§ DIRECTIONS:
Beginning with the line below that contains "X5000000Y-5000000D02*" and ending with the line that contains "X20000000Y-15000000D01*", copy every line exactly. Copy nothing else.

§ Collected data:
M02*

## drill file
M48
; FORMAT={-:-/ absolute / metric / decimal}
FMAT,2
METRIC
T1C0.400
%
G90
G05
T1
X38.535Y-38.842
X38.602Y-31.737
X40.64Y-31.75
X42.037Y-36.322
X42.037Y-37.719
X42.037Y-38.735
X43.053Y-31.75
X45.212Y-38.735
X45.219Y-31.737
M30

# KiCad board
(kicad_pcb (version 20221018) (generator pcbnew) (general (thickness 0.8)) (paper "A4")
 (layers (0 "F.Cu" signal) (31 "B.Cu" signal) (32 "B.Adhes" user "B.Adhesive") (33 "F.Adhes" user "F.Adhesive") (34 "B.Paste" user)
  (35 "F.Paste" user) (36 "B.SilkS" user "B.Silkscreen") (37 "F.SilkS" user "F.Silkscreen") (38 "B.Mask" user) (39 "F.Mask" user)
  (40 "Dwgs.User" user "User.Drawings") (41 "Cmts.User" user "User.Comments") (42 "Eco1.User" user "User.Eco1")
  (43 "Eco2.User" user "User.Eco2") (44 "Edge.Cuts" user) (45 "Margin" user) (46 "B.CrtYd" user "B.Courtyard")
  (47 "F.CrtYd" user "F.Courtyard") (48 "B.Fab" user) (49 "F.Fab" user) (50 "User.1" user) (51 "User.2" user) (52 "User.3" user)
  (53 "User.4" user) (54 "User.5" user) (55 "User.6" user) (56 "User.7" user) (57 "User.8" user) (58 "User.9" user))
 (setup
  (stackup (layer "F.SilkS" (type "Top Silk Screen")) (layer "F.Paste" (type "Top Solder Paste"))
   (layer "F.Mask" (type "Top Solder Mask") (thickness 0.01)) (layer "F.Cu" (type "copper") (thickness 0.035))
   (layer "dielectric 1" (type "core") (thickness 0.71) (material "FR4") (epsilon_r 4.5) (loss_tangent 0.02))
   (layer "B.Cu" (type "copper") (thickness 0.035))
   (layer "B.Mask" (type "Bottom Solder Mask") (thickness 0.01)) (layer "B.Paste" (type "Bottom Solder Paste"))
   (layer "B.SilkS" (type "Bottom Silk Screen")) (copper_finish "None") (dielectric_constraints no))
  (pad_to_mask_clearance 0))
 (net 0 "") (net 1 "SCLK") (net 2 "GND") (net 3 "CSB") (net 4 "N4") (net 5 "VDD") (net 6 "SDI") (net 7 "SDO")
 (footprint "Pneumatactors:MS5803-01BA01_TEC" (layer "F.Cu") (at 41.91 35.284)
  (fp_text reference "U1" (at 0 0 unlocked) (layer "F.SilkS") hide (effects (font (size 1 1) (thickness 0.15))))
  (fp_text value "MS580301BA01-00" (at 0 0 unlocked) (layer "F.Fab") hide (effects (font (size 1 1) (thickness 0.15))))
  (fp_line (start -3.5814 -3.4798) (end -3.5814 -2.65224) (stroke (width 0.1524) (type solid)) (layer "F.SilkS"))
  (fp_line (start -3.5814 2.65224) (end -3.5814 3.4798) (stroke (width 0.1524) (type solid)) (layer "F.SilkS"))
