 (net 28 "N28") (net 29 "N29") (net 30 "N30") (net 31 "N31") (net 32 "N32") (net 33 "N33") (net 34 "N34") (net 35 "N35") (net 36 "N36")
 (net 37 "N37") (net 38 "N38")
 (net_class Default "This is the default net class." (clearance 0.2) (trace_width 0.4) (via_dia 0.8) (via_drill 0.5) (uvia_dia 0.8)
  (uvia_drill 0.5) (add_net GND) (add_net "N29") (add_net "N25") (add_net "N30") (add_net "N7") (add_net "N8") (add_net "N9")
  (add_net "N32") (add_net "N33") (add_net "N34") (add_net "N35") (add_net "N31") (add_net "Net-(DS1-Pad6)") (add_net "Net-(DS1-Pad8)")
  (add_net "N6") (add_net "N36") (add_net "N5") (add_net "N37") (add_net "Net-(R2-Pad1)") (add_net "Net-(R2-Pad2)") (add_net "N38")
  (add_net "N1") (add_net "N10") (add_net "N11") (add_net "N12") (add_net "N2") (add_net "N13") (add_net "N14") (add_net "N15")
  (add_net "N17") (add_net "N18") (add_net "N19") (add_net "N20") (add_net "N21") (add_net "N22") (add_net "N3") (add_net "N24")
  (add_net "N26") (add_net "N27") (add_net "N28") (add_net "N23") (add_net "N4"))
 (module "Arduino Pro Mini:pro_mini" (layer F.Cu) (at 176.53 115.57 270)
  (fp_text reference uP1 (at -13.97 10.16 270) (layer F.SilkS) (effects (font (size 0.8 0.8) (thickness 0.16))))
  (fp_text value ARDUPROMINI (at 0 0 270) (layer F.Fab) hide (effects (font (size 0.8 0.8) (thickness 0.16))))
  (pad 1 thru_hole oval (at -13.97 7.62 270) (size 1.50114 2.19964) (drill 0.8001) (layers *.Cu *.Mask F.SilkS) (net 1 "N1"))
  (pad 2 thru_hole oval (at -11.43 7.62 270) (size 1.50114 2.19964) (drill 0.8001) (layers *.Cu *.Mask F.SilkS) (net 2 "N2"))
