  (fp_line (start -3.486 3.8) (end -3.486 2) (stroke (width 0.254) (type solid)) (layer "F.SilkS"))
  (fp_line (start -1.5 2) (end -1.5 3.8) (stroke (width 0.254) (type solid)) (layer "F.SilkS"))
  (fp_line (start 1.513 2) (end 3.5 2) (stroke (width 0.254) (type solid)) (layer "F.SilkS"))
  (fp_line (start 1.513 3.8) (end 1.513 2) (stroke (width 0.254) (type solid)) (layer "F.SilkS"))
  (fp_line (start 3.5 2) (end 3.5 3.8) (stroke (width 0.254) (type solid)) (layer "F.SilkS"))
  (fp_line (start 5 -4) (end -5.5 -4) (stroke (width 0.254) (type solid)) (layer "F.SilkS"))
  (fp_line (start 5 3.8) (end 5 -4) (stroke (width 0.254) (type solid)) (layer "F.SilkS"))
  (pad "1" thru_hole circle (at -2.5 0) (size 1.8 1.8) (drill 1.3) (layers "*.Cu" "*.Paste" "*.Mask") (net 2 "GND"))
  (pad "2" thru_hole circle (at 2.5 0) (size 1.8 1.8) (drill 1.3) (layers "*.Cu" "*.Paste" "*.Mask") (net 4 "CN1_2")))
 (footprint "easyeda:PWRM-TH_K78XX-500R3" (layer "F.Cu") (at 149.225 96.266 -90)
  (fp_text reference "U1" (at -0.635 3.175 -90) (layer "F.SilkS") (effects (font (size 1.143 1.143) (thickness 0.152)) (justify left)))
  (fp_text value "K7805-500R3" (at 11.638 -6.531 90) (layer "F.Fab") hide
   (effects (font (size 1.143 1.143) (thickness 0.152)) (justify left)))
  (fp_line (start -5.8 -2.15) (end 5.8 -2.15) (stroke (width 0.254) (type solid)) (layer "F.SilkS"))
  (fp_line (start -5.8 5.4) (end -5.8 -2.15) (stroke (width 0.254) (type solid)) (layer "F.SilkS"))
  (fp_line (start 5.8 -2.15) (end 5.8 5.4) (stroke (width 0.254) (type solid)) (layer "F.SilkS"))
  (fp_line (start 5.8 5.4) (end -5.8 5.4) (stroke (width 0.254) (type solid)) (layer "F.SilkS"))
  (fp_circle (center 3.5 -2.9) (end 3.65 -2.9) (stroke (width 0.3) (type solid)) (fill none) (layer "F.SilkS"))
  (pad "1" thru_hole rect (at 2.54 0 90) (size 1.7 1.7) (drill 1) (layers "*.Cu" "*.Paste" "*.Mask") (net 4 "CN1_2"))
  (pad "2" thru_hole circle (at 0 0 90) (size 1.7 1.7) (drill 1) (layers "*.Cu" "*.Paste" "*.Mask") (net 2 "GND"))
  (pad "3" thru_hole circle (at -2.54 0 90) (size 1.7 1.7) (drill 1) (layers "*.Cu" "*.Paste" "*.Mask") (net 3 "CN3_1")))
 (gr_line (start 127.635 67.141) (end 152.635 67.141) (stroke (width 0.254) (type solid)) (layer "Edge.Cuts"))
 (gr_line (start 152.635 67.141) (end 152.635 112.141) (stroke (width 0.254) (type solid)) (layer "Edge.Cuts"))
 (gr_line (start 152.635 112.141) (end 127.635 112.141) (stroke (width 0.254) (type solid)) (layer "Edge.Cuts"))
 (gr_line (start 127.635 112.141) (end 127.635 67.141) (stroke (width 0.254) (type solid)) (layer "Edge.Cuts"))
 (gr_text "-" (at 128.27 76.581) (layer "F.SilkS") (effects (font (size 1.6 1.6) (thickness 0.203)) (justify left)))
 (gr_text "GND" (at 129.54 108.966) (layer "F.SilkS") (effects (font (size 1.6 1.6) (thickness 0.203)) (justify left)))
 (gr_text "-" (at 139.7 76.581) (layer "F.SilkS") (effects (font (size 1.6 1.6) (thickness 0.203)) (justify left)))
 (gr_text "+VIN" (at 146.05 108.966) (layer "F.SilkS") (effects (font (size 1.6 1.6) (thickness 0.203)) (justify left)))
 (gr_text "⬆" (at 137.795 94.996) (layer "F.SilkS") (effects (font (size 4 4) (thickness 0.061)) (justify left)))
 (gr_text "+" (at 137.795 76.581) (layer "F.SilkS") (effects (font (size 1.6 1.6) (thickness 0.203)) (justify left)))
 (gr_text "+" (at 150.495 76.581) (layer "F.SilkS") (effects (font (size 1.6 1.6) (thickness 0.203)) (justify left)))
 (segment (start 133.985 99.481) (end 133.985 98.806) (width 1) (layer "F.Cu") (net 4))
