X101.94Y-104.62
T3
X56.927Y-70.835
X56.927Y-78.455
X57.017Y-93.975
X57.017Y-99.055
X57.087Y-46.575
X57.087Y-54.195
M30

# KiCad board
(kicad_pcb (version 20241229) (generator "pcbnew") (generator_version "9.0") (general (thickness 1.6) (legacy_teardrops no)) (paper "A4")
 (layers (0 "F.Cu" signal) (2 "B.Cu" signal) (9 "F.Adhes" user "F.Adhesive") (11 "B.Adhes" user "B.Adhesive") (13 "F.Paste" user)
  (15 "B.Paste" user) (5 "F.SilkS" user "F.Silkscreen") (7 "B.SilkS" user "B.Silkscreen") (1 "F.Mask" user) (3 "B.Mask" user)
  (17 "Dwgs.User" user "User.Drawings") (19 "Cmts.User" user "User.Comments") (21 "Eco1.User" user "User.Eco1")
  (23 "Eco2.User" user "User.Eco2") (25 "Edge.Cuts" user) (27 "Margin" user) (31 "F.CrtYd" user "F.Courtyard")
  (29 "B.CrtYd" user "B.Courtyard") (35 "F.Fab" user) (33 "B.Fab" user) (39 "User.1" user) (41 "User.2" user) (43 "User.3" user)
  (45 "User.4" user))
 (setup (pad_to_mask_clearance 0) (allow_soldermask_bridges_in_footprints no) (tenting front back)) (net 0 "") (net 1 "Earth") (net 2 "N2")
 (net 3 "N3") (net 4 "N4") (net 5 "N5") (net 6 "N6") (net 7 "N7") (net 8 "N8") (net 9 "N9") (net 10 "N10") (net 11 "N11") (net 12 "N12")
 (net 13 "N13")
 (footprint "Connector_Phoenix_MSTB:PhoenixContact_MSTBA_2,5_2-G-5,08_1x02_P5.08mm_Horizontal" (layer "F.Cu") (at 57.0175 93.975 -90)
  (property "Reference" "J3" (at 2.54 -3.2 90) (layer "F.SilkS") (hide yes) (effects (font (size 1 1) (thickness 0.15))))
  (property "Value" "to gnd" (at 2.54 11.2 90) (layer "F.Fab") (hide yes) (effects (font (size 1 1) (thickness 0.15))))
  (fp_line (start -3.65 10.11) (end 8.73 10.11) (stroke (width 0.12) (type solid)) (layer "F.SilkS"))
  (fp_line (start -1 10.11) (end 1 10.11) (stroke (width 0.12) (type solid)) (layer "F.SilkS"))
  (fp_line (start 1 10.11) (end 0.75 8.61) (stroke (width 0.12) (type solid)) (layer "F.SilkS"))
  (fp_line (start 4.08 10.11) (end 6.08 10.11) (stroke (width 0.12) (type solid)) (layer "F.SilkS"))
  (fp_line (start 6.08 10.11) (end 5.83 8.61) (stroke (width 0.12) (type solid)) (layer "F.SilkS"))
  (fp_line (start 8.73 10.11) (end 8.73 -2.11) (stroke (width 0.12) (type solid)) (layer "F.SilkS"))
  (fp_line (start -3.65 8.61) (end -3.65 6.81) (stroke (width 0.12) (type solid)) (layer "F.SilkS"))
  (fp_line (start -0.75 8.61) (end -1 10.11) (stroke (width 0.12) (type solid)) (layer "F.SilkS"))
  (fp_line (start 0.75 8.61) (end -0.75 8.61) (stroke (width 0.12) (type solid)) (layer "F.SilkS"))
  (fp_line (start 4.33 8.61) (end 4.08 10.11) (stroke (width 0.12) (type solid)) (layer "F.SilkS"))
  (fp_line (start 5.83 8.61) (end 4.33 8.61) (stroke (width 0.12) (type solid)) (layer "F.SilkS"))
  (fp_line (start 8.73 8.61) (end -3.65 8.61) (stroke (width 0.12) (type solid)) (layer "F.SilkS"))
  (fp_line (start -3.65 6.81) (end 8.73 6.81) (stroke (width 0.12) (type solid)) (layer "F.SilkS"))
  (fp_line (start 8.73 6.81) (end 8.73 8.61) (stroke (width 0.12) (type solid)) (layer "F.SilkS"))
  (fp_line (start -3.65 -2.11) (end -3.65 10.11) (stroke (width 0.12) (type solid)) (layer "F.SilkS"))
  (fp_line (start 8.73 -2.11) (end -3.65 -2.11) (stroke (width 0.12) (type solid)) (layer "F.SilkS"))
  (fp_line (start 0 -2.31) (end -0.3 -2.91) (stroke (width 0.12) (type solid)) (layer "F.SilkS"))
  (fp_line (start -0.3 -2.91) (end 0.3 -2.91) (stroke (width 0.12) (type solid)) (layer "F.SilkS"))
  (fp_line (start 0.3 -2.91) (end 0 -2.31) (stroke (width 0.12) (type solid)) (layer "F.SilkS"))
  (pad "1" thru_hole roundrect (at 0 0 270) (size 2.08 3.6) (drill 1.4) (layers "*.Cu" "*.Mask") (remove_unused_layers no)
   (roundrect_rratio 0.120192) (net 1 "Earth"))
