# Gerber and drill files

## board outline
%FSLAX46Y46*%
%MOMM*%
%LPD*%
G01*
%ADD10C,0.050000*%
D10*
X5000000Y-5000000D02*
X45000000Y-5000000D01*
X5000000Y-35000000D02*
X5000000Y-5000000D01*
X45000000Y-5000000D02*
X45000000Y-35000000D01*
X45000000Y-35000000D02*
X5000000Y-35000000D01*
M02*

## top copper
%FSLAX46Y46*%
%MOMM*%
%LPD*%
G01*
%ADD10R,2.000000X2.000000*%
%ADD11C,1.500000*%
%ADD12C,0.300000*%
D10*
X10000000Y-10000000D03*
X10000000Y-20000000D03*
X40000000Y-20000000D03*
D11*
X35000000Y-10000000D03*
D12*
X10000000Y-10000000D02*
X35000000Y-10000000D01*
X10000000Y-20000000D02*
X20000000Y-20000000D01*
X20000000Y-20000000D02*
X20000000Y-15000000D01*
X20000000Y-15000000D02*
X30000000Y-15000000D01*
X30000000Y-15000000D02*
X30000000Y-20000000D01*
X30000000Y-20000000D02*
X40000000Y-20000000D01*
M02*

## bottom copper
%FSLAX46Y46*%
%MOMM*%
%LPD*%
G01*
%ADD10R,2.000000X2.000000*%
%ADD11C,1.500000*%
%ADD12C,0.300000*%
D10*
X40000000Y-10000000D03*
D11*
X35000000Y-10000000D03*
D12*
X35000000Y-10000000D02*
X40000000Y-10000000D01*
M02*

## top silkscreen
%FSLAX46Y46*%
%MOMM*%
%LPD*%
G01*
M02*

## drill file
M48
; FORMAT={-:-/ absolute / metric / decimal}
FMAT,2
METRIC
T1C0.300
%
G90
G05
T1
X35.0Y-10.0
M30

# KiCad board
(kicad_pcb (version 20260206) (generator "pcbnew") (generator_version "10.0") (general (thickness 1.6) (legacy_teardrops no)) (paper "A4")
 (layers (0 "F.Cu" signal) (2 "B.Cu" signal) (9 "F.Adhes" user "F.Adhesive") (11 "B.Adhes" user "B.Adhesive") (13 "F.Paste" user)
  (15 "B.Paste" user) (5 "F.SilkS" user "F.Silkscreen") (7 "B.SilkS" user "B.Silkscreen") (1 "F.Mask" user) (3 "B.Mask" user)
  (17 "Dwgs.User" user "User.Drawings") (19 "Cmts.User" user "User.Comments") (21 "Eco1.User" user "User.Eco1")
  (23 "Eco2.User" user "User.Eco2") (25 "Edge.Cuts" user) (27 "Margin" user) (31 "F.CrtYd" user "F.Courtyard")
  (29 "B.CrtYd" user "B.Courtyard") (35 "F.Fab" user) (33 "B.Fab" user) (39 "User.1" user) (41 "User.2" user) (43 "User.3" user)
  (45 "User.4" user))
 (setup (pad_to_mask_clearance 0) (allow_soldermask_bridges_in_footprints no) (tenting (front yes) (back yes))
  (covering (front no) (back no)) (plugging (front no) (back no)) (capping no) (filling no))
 (gr_line (start 5 5) (end 45 5) (stroke (width 0.05) (type default)) (layer "Edge.Cuts"))
 (gr_line (start 5 35) (end 5 5) (stroke (width 0.05) (type default)) (layer "Edge.Cuts"))
 (gr_line (start 45 5) (end 45 35) (stroke (width 0.05) (type default)) (layer "Edge.Cuts"))
 (gr_line (start 45 35) (end 5 35) (stroke (width 0.05) (type default)) (layer "Edge.Cuts"))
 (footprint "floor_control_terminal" (layer "F.Cu") (at 10 10)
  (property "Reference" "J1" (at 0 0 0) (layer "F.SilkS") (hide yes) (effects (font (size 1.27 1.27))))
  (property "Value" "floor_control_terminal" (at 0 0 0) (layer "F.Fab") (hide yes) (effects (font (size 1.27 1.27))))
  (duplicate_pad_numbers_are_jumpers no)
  (pad "1" smd rect (at 0 0) (size 2 2) (layers "F.Cu" "F.Paste" "F.Mask") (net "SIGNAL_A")))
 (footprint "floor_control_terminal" (layer "B.Cu") (at 40 10)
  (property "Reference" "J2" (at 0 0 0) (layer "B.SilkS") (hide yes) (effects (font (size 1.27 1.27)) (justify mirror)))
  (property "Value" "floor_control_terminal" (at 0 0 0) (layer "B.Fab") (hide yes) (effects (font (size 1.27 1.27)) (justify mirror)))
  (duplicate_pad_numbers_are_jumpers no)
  (pad "1" smd rect (at 0 0) (size 2 2) (layers "B.Cu" "B.Paste" "B.Mask") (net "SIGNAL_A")))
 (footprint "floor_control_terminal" (layer "F.Cu") (at 10 20)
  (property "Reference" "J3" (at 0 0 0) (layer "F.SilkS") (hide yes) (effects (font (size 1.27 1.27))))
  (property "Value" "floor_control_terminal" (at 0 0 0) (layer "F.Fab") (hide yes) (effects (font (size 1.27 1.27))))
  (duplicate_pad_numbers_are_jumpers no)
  (pad "1" smd rect (at 0 0) (size 2 2) (layers "F.Cu" "F.Paste" "F.Mask") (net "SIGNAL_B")))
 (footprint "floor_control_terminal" (layer "F.Cu") (at 40 20)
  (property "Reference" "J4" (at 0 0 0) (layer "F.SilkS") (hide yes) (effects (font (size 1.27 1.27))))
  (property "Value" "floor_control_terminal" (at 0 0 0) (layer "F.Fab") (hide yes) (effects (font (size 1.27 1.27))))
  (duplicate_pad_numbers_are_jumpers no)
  (pad "1" smd rect (at 0 0) (size 2 2) (layers "F.Cu" "F.Paste" "F.Mask") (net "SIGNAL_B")))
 (segment (start 10 10) (end 35 10) (width 0.3) (layer "F.Cu") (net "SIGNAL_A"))
 (segment (start 35 10) (end 40 10) (width 0.3) (layer "B.Cu") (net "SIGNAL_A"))
 (via (at 35 10) (size 1.5) (drill 0.3) (layers "F.Cu" "B.Cu") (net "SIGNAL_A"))
 (segment (start 10 20) (end 20 20) (width 0.3) (layer "F.Cu") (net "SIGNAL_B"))
 (segment (start 20 20) (end 20 15) (width 0.3) (layer "F.Cu") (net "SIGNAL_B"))
 (segment (start 20 15) (end 30 15) (width 0.3) (layer "F.Cu") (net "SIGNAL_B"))
 (segment (start 30 15) (end 30 20) (width 0.3) (layer "F.Cu") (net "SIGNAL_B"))
 (segment (start 30 20) (end 40 20) (width 0.3) (layer "F.Cu") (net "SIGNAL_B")))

§ SOLUTION:
X5000000Y-5000000D02*
X45000000Y-5000000D01*
X5000000Y-35000000D02*
X5000000Y-5000000D01*
X45000000Y-5000000D02*
X45000000Y-35000000D01*
X45000000Y-35000000D02*
X5000000Y-35000000D01*
M02*

## top copper
%FSLAX46Y46*%
%MOMM*%
%LPD*%
G01*
%ADD10R,2.000000X2.000000*%
%ADD11C,1.500000*%
%ADD12C,0.300000*%
D10*
X10000000Y-10000000D03*
X10000000Y-20000000D03*
X40000000Y-20000000D03*
D11*
X35000000Y-10000000D03*
D12*
X10000000Y-10000000D02*
X35000000Y-10000000D01*
X10000000Y-20000000D02*
X20000000Y-20000000D01*
X20000000Y-20000000D02*
X20000000Y-15000000D01*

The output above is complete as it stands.